4.16. RNA-Seq Analysis
RNA-seq was performed on A2780_control and A2780_p73-overexpressed cells. All experiments were performed in triplicate, and sequences were analysed with Novogene (Cambridge, Cambridgeshire, UK). The raw data were transformed to sequenced reads by CASAVA base recognition (Base Calling). The data underwent QC and adaptor removal. Sequences contained N > 10% and a Qscore over 50% for bases below 5. The alignment was performed with HISAT2 as the reference [
31]. Feature counts used for quantification [
30] and differential gene analysis were performed using DESeq2 [
29] (
https://bioconductor.org/packages/release/bioc/html/DESeq2.html, accessed on 1 August 2023) and EdgeR [
32] (
https://bioconductor.org/packages/release/bioc/html/edgeR.html, accessed on 1 August 2023). KEGG pathway analysis was performed to identify significant pathways in the up and downregulated differentially expressed genes [
33]. Rmats (
https://rnaseq-mats.sourceforge.io/, accessed on 1 August 2023) was utilised for alternative splicing analysis [
34].
4.17. CRISPR Knock-Out of p73
gRNA oligonucleotides targeting p73 were designed in Snapgene and cloned in the pX330-gRNA vector provided by Feng Zhang (Addgene plasmid # 42230). The sequences of the gRNAs were as follows: “gRNA-1-p73 (agtccaccgccacctcccc) and gRNA-2-p73 (gaggccggcgtggggaaga)”. For the mutation, the gRNA targeted exon1 of the p73 amplicon, resulting in early deletion. Plasmids with positive clones expressing gRNAs were verified by Sanger sequencing. Cells were plated in 6-well plates overnight, then transfected with plasmids expressing gRNA using the Fugene HD transfection reagent. After 48 h, Cas-9 editing efficiency was verified using the T7E1 assay. Cells were seeded at low density for single-cell colony isolation. The isolated colonies were verified by Western blotting and Sanger sequencing.
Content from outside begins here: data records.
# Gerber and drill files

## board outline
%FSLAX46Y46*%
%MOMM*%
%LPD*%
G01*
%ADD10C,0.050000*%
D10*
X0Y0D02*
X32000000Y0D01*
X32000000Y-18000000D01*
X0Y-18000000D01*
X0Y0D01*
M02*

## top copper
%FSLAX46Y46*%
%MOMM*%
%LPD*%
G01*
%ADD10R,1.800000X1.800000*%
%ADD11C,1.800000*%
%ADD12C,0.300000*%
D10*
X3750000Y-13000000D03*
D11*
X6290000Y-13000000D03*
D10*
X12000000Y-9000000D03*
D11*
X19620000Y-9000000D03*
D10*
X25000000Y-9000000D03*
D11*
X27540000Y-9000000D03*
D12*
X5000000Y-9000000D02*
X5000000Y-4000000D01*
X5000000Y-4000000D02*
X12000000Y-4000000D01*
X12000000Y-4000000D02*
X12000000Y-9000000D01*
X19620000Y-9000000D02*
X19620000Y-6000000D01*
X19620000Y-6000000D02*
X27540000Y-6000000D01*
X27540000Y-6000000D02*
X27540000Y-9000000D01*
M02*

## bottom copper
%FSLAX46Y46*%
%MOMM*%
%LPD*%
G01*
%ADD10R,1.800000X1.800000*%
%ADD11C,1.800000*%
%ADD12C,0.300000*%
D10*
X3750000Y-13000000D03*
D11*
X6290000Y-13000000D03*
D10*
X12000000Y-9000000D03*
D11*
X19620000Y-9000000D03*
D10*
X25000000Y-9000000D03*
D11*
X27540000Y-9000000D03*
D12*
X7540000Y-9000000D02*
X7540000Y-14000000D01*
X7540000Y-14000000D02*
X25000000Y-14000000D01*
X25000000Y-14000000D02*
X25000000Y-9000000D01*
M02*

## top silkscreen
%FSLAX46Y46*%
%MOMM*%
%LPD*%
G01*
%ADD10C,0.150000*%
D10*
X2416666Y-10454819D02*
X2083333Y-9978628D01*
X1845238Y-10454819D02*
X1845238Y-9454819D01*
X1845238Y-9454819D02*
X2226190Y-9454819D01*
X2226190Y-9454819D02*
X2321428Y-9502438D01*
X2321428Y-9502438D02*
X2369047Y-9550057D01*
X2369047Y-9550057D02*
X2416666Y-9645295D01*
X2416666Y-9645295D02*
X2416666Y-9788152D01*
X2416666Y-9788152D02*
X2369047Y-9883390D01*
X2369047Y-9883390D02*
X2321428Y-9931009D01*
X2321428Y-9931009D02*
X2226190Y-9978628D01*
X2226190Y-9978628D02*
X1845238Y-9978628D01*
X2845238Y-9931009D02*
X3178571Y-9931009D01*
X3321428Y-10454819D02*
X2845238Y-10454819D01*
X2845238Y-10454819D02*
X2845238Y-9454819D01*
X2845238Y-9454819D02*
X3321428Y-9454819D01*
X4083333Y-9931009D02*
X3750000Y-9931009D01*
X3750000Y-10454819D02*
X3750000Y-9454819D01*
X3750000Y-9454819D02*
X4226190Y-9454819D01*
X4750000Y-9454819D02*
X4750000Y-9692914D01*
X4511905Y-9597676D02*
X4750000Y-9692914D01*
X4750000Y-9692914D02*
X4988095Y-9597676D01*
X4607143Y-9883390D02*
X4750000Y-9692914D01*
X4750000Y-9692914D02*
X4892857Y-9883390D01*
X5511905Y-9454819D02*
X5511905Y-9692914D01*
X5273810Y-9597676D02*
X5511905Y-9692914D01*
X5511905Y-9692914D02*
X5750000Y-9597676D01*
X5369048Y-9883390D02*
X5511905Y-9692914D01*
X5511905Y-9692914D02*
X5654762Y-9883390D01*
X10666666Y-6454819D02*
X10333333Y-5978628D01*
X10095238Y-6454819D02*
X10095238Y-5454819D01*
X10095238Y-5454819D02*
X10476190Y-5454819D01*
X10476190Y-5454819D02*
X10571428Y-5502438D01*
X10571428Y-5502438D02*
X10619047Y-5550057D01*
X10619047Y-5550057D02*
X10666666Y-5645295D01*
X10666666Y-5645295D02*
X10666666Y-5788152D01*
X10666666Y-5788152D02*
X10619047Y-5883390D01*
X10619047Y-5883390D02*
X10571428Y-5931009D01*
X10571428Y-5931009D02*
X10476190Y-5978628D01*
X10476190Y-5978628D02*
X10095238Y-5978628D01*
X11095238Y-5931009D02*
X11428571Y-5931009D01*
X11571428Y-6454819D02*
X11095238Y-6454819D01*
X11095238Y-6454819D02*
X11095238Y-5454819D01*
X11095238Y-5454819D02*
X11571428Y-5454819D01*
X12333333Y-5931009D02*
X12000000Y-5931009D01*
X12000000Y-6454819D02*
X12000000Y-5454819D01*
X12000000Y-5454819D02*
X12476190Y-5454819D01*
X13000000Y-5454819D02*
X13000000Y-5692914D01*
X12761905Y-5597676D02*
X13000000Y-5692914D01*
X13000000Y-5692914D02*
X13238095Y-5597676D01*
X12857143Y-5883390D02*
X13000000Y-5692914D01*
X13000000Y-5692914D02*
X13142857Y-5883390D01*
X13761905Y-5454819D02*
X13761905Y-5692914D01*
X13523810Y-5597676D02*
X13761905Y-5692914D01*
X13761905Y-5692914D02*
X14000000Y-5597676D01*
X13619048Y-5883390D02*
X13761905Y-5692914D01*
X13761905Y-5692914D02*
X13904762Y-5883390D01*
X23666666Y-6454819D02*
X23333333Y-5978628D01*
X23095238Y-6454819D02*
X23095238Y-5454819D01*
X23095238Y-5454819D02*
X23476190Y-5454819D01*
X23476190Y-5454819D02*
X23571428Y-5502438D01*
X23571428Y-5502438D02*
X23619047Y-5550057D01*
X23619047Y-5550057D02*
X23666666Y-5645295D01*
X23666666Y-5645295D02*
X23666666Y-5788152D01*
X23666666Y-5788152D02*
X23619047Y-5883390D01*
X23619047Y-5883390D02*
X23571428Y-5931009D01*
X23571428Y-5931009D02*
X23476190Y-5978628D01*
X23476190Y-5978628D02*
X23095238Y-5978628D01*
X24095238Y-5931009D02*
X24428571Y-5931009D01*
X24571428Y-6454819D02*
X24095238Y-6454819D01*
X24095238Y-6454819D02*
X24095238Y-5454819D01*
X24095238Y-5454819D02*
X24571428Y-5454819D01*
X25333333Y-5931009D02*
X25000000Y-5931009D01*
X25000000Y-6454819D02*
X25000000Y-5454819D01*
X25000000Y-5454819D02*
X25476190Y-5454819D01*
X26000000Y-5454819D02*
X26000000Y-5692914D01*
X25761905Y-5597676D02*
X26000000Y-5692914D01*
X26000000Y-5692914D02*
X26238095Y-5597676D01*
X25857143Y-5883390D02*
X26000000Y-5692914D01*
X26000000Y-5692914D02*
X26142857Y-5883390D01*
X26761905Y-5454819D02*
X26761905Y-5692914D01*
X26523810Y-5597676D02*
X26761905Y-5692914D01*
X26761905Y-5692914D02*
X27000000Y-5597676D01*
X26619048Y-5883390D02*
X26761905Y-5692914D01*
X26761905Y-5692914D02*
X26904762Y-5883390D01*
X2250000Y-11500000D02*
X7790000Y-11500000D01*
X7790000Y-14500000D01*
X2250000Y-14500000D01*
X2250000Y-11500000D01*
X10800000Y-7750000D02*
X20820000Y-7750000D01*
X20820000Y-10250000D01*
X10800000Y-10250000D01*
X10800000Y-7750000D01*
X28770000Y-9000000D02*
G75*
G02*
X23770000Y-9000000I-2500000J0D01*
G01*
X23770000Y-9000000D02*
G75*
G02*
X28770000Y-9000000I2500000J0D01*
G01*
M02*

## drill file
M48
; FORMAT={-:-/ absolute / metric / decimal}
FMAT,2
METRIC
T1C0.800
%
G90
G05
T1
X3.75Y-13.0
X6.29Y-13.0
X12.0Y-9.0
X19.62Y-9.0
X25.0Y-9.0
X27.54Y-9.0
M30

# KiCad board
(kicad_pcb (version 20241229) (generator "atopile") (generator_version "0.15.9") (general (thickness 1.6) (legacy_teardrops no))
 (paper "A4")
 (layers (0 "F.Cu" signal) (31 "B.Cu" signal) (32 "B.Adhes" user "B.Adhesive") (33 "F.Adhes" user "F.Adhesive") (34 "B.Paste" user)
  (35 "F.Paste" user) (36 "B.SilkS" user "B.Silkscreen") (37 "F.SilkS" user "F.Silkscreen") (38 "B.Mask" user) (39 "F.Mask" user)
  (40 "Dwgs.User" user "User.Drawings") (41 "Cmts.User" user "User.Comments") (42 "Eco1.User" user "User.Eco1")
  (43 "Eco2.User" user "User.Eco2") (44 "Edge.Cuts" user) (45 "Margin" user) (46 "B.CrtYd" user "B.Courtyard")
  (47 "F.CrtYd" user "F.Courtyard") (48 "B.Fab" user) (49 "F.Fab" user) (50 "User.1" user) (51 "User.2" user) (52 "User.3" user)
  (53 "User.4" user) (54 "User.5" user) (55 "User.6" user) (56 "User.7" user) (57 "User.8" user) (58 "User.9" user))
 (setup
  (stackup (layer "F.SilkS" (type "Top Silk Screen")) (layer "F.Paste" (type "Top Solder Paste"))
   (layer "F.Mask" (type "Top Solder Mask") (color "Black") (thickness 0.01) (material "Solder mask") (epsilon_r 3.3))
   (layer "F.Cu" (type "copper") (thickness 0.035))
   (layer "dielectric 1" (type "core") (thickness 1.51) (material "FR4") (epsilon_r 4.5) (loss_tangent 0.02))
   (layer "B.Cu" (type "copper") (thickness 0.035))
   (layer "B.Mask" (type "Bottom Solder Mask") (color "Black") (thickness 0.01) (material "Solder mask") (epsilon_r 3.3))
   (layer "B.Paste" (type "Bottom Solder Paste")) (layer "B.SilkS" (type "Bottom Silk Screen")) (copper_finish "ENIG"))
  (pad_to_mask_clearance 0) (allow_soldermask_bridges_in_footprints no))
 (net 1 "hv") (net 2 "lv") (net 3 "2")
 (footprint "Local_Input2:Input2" (layer "F.Cu") (at 3.75 13 0)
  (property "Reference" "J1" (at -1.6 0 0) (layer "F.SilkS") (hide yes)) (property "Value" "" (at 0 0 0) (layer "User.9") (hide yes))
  (fp_rect (start -1.5 -1.5) (end 4.04 1.5) (stroke (width 0.15) (type default)) (fill none) (layer "F.SilkS"))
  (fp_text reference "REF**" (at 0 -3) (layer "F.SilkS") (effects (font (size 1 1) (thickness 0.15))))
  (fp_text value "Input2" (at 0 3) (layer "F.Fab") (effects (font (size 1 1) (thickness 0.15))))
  (pad "1" thru_hole rect (at 0 0) (size 1.8 1.8) (drill 0.8) (layers "*.Cu" "*.Mask") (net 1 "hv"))
  (pad "2" thru_hole circle (at 2.54 0) (size 1.8 1.8) (drill 0.8) (layers "*.Cu" "*.Mask") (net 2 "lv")))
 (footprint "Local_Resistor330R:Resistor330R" (layer "F.Cu") (at 12 9 0)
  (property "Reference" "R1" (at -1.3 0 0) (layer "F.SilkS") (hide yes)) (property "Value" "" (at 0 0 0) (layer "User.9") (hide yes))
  (fp_rect (start -1.2 -1.25) (end 8.82 1.25) (stroke (width 0.15) (type default)) (fill none) (layer "F.SilkS"))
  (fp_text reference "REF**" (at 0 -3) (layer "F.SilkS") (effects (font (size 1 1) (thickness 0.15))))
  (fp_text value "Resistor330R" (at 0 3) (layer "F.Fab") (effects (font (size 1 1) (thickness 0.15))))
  (pad "1" thru_hole rect (at 0 0) (size 1.8 1.8) (drill 0.8) (layers "*.Cu" "*.Mask") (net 1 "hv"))
  (pad "2" thru_hole circle (at 7.62 0) (size 1.8 1.8) (drill 0.8) (layers "*.Cu" "*.Mask") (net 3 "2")))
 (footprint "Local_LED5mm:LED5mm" (layer "F.Cu") (at 25 9 0)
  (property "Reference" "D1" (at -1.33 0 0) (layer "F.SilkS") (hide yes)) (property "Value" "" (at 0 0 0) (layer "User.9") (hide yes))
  (fp_circle (center 1.27 0) (end 3.77 0) (stroke (width 0.15) (type default)) (fill none) (layer "F.SilkS"))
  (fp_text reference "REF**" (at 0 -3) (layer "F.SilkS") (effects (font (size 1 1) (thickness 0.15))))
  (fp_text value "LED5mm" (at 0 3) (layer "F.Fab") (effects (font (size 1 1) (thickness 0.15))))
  (pad "1" thru_hole rect (at 0 0) (size 1.8 1.8) (drill 0.8) (layers "*.Cu" "*.Mask") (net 2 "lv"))
  (pad "2" thru_hole circle (at 2.54 0) (size 1.8 1.8) (drill 0.8) (layers "*.Cu" "*.Mask") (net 3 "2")))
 (segment (start 5 9) (end 5 4) (width 0.3) (layer "F.Cu") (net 1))
 (segment (start 5 4) (end 12 4) (width 0.3) (layer "F.Cu") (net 1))
 (segment (start 12 4) (end 12 9) (width 0.3) (layer "F.Cu") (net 1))
 (segment (start 19.62 9) (end 19.62 6) (width 0.3) (layer "F.Cu") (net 3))
 (segment (start 19.62 6) (end 27.54 6) (width 0.3) (layer "F.Cu") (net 3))
 (segment (start 27.54 6) (end 27.54 9) (width 0.3) (layer "F.Cu") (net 3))
 (segment (start 7.54 9) (end 7.54 14) (width 0.3) (layer "B.Cu") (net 2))
 (segment (start 7.54 14) (end 25 14) (width 0.3) (layer "B.Cu") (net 2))
 (segment (start 25 14) (end 25 9) (width 0.3) (layer "B.Cu") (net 2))
 (gr_rect (start 0 0) (end 32 18) (stroke (width 0.05) (type default)) (fill none) (layer "Edge.Cuts")))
4.18. Statistical Analysis
Data were analysed using GraphPad Prism 9 software. Where appropriate, Student’s t tests, ANOVA one-way tests, and ANOVA two-way tests were performed. Using error bars, the standard error of the mean is represented between experiments. Furthermore, p-values were indicated as follows: p-value < 0.05 = *, p-value < 0.01 = **, and p-value < 0.001 = ***.